* [DATA UNDER STUDY]:

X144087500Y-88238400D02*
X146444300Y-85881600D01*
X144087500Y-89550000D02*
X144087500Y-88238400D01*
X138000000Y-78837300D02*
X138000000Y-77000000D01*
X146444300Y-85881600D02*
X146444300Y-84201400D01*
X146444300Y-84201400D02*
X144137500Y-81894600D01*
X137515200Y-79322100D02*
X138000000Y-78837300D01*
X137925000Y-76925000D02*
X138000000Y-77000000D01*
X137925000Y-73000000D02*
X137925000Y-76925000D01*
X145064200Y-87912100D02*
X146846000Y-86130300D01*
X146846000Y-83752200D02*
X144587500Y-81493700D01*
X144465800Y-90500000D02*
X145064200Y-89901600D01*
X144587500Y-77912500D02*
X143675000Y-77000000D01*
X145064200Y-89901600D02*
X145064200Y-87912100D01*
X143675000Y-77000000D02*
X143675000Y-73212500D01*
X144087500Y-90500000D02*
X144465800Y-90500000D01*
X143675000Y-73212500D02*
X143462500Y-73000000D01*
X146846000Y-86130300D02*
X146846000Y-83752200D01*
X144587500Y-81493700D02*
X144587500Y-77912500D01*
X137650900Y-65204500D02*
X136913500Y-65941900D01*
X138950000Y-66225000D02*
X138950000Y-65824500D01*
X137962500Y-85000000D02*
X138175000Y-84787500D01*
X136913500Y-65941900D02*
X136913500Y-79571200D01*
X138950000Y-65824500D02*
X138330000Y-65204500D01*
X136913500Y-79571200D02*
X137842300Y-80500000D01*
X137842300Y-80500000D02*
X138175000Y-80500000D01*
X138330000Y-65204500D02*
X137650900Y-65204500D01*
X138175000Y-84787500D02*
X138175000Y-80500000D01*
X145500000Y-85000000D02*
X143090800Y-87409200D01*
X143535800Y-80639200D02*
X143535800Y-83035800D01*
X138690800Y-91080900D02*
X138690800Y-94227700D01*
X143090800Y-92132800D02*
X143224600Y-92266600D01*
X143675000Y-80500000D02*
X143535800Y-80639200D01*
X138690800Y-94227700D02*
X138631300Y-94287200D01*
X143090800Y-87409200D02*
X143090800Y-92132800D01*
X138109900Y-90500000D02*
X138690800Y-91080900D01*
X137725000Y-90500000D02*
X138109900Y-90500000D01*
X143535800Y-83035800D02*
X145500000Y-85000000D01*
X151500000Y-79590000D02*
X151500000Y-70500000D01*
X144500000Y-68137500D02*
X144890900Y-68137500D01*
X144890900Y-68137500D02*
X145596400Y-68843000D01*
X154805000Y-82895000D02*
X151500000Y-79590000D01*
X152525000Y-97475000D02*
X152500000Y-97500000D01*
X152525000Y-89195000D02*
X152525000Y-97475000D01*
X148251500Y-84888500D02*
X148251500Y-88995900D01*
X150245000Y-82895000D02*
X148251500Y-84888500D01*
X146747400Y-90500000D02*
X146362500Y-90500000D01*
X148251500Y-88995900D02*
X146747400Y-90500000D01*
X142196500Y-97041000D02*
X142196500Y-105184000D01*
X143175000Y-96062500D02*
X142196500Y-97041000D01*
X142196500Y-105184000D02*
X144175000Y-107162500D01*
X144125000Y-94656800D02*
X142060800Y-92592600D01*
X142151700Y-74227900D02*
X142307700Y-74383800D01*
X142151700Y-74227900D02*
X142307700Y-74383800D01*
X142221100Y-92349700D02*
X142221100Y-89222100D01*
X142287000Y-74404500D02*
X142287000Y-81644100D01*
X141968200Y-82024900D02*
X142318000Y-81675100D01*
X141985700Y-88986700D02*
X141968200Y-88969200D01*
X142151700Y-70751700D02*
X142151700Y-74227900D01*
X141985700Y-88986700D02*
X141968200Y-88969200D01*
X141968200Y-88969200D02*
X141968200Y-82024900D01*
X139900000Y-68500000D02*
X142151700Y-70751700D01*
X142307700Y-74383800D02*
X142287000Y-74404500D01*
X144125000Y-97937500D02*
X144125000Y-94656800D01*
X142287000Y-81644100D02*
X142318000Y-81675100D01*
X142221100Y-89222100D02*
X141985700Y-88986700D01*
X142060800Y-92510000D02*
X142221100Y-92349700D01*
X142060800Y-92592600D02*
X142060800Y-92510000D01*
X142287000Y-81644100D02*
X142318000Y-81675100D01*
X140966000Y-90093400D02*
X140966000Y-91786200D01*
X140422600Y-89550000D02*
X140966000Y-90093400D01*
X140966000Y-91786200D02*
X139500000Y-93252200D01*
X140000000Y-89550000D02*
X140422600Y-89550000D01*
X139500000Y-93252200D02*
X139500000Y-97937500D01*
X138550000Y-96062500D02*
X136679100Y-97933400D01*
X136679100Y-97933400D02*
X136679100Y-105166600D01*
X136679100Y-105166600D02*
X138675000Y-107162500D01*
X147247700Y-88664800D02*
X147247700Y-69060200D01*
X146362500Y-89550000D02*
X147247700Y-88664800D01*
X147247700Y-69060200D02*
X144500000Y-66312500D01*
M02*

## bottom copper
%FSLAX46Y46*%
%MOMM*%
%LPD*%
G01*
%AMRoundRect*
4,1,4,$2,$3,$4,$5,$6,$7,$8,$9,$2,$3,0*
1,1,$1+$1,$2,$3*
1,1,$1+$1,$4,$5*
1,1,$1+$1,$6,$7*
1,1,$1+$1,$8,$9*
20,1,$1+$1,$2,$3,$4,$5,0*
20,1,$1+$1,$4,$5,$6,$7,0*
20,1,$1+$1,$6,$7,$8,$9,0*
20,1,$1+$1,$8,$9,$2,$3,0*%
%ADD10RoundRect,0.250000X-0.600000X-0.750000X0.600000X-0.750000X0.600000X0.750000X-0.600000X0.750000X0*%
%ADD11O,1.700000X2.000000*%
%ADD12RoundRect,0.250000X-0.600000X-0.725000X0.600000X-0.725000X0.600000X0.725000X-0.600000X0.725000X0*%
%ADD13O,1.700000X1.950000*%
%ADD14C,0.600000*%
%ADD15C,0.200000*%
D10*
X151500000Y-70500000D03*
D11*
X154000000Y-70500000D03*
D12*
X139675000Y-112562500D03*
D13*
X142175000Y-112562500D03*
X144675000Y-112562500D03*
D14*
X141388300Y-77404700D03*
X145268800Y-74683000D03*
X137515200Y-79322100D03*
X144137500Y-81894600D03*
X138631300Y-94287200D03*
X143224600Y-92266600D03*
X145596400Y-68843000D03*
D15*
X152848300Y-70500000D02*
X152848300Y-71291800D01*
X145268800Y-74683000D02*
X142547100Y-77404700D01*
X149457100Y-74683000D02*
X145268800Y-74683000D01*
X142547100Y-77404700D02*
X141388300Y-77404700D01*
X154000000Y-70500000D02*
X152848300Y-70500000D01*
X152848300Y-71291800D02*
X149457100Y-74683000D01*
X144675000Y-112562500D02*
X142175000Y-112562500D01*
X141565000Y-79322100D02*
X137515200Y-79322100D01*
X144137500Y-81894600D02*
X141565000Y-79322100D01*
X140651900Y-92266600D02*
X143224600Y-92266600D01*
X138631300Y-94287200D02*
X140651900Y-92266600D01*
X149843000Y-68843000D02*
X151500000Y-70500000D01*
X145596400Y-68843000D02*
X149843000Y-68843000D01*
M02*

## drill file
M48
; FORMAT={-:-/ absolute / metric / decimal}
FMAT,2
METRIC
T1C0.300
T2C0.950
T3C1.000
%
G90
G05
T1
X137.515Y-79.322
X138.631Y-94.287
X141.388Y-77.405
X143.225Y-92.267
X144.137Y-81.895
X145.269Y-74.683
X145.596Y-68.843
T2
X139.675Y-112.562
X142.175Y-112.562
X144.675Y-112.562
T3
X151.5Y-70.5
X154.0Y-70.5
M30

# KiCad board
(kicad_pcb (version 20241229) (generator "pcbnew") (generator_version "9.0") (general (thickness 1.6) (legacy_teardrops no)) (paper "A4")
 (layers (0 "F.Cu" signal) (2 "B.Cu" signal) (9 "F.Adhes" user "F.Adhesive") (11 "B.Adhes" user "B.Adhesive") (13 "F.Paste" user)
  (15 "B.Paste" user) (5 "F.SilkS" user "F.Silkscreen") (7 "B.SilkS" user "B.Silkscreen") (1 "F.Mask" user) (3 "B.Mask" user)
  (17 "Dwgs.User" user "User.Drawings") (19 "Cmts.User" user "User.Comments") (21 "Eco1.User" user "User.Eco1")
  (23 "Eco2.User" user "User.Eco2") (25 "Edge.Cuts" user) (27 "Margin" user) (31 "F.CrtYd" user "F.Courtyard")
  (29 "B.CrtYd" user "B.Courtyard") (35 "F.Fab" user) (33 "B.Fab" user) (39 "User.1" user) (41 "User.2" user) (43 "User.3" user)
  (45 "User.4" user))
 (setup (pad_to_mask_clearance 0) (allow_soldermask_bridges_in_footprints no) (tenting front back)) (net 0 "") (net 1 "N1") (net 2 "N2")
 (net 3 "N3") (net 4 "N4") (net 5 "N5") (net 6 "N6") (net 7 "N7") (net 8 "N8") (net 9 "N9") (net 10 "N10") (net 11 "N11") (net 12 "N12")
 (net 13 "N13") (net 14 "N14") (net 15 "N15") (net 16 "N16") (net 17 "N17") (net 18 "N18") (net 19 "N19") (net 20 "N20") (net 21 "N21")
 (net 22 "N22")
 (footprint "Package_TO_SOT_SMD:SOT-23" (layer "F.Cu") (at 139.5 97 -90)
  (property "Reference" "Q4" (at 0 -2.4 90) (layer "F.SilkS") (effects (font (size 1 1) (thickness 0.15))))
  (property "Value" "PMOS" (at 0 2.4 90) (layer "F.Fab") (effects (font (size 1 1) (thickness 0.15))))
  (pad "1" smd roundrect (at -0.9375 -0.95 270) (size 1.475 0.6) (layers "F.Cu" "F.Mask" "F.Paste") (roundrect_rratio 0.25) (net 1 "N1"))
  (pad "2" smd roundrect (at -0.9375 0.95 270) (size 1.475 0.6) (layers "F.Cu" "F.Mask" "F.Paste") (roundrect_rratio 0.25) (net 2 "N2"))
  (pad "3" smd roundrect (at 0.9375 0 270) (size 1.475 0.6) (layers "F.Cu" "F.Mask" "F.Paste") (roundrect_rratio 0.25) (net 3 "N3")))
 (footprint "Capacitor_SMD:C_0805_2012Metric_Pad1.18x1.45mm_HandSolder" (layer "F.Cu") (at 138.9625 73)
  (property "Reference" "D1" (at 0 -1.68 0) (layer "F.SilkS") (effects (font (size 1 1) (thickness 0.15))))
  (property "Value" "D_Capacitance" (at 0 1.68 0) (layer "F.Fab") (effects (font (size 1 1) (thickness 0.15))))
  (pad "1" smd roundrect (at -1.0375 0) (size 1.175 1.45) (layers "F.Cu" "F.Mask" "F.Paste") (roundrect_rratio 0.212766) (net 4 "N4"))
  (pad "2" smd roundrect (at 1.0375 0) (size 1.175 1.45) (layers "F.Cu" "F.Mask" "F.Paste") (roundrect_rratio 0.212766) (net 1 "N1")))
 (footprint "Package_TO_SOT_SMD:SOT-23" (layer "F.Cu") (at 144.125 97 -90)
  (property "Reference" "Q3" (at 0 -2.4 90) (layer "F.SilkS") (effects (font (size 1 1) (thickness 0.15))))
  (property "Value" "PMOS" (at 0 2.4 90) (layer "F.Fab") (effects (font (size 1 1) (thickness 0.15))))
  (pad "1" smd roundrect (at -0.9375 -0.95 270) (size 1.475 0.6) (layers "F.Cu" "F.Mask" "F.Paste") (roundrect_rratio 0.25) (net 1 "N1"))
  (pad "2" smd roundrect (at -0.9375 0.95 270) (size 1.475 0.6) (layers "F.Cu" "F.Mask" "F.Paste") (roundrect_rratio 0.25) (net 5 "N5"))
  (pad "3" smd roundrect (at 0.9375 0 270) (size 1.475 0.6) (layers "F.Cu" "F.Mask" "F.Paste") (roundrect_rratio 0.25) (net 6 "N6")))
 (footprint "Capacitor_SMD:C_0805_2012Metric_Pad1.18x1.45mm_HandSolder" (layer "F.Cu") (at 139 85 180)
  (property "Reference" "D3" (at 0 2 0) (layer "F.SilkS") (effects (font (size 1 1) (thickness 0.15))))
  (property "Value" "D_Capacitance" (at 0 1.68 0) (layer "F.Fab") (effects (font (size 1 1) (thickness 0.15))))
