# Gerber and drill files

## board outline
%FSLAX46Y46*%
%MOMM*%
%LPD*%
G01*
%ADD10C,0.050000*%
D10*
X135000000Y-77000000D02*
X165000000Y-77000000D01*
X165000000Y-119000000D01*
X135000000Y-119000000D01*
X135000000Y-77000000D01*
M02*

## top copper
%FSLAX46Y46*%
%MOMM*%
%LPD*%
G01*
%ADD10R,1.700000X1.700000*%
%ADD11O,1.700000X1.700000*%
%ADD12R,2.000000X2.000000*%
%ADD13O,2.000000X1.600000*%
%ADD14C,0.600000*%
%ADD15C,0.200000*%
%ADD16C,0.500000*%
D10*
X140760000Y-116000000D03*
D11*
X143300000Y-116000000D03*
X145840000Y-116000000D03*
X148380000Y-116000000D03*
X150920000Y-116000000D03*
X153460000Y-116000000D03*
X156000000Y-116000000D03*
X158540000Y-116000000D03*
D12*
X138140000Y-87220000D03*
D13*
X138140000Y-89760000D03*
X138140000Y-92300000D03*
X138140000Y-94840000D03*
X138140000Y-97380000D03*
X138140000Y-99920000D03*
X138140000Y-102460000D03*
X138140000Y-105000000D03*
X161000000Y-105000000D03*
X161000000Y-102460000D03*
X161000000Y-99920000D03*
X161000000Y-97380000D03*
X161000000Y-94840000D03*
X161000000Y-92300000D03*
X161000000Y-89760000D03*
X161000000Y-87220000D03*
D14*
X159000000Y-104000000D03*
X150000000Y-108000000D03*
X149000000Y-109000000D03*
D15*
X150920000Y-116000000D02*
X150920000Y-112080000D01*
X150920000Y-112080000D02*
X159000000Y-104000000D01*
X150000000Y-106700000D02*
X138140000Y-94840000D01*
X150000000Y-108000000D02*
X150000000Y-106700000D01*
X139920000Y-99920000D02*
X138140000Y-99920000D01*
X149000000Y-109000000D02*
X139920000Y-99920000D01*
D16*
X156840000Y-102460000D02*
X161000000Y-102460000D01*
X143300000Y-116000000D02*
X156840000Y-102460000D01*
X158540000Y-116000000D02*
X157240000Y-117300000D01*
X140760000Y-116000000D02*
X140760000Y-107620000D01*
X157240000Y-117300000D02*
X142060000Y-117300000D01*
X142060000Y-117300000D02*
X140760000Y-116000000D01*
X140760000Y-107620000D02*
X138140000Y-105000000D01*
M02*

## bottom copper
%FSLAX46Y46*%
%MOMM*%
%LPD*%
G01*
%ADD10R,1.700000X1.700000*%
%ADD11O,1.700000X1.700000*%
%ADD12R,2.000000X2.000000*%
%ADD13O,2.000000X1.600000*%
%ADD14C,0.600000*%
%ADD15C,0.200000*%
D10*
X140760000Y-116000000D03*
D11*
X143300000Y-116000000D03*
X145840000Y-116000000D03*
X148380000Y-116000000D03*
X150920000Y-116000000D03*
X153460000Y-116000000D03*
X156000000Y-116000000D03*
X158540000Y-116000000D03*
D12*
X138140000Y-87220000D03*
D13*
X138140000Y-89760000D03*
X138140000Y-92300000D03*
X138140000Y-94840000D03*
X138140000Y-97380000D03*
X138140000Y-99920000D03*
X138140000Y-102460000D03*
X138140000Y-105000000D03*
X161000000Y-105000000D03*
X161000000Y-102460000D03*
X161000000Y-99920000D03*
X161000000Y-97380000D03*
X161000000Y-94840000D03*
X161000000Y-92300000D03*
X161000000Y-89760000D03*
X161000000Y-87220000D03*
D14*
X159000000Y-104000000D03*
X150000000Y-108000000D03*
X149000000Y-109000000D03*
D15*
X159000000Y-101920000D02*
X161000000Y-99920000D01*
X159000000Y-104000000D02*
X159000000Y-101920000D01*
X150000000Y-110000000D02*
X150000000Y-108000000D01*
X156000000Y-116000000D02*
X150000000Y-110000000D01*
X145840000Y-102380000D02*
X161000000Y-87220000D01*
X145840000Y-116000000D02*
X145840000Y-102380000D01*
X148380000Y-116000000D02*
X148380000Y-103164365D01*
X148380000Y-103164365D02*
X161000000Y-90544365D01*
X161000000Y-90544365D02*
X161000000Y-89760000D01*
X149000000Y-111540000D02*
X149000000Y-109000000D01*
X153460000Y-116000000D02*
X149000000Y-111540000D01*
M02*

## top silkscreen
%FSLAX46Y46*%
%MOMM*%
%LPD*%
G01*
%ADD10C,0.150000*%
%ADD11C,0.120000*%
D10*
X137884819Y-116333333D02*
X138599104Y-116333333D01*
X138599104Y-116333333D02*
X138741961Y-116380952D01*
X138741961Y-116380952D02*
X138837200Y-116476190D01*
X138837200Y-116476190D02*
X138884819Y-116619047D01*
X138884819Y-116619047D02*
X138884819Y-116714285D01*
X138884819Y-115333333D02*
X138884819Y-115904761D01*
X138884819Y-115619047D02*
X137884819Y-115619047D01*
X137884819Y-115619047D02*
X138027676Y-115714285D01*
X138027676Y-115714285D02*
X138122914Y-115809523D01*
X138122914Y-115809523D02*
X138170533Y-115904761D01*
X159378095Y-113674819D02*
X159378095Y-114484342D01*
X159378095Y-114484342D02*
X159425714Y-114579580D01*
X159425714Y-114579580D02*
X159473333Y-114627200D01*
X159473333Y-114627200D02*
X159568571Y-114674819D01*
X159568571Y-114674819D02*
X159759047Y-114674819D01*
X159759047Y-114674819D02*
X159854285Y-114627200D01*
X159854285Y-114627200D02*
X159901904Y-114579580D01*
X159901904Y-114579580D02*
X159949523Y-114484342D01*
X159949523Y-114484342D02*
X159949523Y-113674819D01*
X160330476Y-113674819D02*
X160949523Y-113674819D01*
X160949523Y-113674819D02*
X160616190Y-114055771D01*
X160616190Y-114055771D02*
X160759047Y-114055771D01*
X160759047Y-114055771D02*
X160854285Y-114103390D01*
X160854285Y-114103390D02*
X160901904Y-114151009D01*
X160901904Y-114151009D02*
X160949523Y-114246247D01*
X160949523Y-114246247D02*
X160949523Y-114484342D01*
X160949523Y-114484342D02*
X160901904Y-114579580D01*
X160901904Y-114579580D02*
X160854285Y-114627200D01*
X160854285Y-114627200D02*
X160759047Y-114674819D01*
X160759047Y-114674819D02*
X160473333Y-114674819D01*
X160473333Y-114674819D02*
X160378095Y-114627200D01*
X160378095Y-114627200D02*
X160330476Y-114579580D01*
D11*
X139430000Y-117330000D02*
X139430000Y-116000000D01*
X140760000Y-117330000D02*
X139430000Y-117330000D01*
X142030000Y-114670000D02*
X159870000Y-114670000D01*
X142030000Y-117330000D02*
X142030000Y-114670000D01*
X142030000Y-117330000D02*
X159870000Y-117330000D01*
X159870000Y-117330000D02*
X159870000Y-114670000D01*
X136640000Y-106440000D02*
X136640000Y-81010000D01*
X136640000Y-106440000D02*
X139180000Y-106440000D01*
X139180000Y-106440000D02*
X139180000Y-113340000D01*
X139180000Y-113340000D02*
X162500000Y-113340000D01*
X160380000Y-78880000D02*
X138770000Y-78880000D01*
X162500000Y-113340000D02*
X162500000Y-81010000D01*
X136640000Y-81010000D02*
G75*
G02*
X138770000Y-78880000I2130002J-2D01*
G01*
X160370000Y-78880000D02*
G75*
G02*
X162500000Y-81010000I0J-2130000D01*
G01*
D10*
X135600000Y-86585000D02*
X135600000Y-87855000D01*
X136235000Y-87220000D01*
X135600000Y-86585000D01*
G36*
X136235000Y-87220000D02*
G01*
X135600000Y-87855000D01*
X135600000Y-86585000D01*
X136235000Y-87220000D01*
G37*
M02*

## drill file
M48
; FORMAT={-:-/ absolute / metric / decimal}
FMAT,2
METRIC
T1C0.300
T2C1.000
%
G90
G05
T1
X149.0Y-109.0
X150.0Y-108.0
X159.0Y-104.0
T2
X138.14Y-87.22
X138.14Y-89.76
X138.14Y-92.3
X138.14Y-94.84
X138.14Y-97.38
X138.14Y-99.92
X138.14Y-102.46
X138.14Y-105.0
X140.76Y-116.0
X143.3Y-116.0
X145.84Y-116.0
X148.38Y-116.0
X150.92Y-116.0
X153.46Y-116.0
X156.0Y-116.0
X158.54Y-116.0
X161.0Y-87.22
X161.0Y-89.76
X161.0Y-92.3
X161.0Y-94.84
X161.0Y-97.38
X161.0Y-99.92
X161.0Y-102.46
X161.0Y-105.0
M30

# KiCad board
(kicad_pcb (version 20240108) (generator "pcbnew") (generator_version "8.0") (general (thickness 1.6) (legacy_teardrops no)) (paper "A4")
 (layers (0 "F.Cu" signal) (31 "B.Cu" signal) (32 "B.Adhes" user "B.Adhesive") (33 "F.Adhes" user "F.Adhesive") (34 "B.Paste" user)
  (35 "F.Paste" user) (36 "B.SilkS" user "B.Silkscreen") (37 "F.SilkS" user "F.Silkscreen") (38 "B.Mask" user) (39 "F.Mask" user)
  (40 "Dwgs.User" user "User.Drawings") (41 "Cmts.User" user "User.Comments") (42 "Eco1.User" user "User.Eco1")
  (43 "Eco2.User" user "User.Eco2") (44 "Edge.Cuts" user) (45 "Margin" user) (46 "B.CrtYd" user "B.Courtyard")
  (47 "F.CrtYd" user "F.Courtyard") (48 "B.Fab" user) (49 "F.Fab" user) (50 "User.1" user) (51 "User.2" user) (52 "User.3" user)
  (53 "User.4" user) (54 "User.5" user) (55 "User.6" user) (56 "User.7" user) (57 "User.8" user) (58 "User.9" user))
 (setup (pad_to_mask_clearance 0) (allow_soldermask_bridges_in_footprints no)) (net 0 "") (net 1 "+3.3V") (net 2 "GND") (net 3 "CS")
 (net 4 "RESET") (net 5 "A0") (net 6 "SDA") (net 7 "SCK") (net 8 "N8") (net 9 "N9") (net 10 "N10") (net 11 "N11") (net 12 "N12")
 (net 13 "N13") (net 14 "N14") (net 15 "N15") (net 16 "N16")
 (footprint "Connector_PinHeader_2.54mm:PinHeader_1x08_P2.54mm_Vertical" (layer "F.Cu") (at 140.76 116 90)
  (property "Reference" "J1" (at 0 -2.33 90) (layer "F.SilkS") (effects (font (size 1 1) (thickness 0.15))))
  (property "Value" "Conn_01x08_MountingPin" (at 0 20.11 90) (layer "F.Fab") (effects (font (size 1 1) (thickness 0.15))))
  (fp_line (start -1.33 -1.33) (end 0 -1.33) (stroke (width 0.12) (type solid)) (layer "F.SilkS"))
  (fp_line (start -1.33 0) (end -1.33 -1.33) (stroke (width 0.12) (type solid)) (layer "F.SilkS"))
  (fp_line (start 1.33 1.27) (end 1.33 19.11) (stroke (width 0.12) (type solid)) (layer "F.SilkS"))
  (fp_line (start -1.33 1.27) (end 1.33 1.27) (stroke (width 0.12) (type solid)) (layer "F.SilkS"))
  (fp_line (start -1.33 1.27) (end -1.33 19.11) (stroke (width 0.12) (type solid)) (layer "F.SilkS"))
  (fp_line (start -1.33 19.11) (end 1.33 19.11) (stroke (width 0.12) (type solid)) (layer "F.SilkS"))
  (pad "1" thru_hole rect (at 0 0 90) (size 1.7 1.7) (drill 1) (layers "*.Cu" "*.Mask") (remove_unused_layers no) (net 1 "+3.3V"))
  (pad "2" thru_hole oval (at 0 2.54 90) (size 1.7 1.7) (drill 1) (layers "*.Cu" "*.Mask") (remove_unused_layers no) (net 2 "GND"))
  (pad "3" thru_hole oval (at 0 5.08 90) (size 1.7 1.7) (drill 1) (layers "*.Cu" "*.Mask") (remove_unused_layers no) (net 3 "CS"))
  (pad "4" thru_hole oval (at 0 7.62 90) (size 1.7 1.7) (drill 1) (layers "*.Cu" "*.Mask") (remove_unused_layers no) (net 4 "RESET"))
  (pad "5" thru_hole oval (at 0 10.16 90) (size 1.7 1.7) (drill 1) (layers "*.Cu" "*.Mask") (remove_unused_layers no) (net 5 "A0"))
  (pad "6" thru_hole oval (at 0 12.7 90) (size 1.7 1.7) (drill 1) (layers "*.Cu" "*.Mask") (remove_unused_layers no) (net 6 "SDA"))
  (pad "7" thru_hole oval (at 0 15.24 90) (size 1.7 1.7) (drill 1) (layers "*.Cu" "*.Mask") (remove_unused_layers no) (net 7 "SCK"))
  (pad "8" thru_hole oval (at 0 17.78 90) (size 1.7 1.7) (drill 1) (layers "*.Cu" "*.Mask") (remove_unused_layers no) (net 1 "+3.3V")))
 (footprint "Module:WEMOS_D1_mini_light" (layer "F.Cu") (at 138.14 87.22)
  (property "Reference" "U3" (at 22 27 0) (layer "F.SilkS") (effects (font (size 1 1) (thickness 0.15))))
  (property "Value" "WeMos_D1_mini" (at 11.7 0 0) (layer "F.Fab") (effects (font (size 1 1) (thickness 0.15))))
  (fp_line (start -1.5 19.22) (end -1.5 -6.21) (stroke (width 0.12) (type solid)) (layer "F.SilkS"))
  (fp_line (start -1.5 19.22) (end 1.04 19.22) (stroke (width 0.12) (type solid)) (layer "F.SilkS"))
  (fp_line (start 1.04 19.22) (end 1.04 26.12) (stroke (width 0.12) (type solid)) (layer "F.SilkS"))
  (fp_line (start 1.04 26.12) (end 24.36 26.12) (stroke (width 0.12) (type solid)) (layer "F.SilkS"))
  (fp_line (start 22.24 -8.34) (end 0.63 -8.34) (stroke (width 0.12) (type solid)) (layer "F.SilkS"))
  (fp_line (start 24.36 26.12) (end 24.36 -6.21) (stroke (width 0.12) (type solid)) (layer "F.SilkS"))
  (fp_arc (start -1.5 -6.21) (mid -0.876137 -7.716137) (end 0.63 -8.34) (stroke (width 0.12) (type solid)) (layer "F.SilkS"))
  (fp_arc (start 22.23 -8.34) (mid 23.736137 -7.716137) (end 24.36 -6.21) (stroke (width 0.12) (type solid)) (layer "F.SilkS"))
  (fp_poly (pts (xy -2.54 -0.635) (xy -2.54 0.635) (xy -1.905 0)) (stroke (width 0.15) (type solid)) (fill solid) (layer "F.SilkS"))
  (pad "1" thru_hole rect (at 0 0) (size 2 2) (drill 1) (layers "*.Cu" "*.Mask") (remove_unused_layers no) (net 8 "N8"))
  (pad "2" thru_hole oval (at 0 2.54) (size 2 1.6) (drill 1) (layers "*.Cu" "*.Mask") (remove_unused_layers no) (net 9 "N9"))
  (pad "3" thru_hole oval (at 0 5.08) (size 2 1.6) (drill 1) (layers "*.Cu" "*.Mask") (remove_unused_layers no) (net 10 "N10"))
  (pad "4" thru_hole oval (at 0 7.62) (size 2 1.6) (drill 1) (layers "*.Cu" "*.Mask") (remove_unused_layers no) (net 7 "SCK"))
  (pad "5" thru_hole oval (at 0 10.16) (size 2 1.6) (drill 1) (layers "*.Cu" "*.Mask") (remove_unused_layers no) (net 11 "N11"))
  (pad "6" thru_hole oval (at 0 12.7) (size 2 1.6) (drill 1) (layers "*.Cu" "*.Mask") (remove_unused_layers no) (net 6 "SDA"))
  (pad "7" thru_hole oval (at 0 15.24) (size 2 1.6) (drill 1) (layers "*.Cu" "*.Mask") (remove_unused_layers no) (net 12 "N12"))
  (pad "8" thru_hole oval (at 0 17.78) (size 2 1.6) (drill 1) (layers "*.Cu" "*.Mask") (remove_unused_layers no) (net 1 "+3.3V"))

* [HOW TO COMPLETE THIS TASK]:
In the entries above, restate word for word the lines between the one holding "X159759047Y-114674819D02*" and the one holding "X139430000Y-117330000D02*", inclusive, and nothing besides.

* [TASK SOLUTION]:
X159759047Y-114674819D02*
X159854285Y-114627200D01*
X159854285Y-114627200D02*
X159901904Y-114579580D01*
X159901904Y-114579580D02*
X159949523Y-114484342D01*
X159949523Y-114484342D02*
X159949523Y-113674819D01*
X160330476Y-113674819D02*
X160949523Y-113674819D01*
X160949523Y-113674819D02*
X160616190Y-114055771D01*
X160616190Y-114055771D02*
X160759047Y-114055771D01*
X160759047Y-114055771D02*
X160854285Y-114103390D01*
X160854285Y-114103390D02*
X160901904Y-114151009D01*
X160901904Y-114151009D02*
X160949523Y-114246247D01*
X160949523Y-114246247D02*
X160949523Y-114484342D01*
X160949523Y-114484342D02*
X160901904Y-114579580D01*
X160901904Y-114579580D02*
X160854285Y-114627200D01*
X160854285Y-114627200D02*
X160759047Y-114674819D01*
X160759047Y-114674819D02*
X160473333Y-114674819D01*
X160473333Y-114674819D02*
X160378095Y-114627200D01*
X160378095Y-114627200D02*
X160330476Y-114579580D01*
D11*
X139430000Y-117330000D02*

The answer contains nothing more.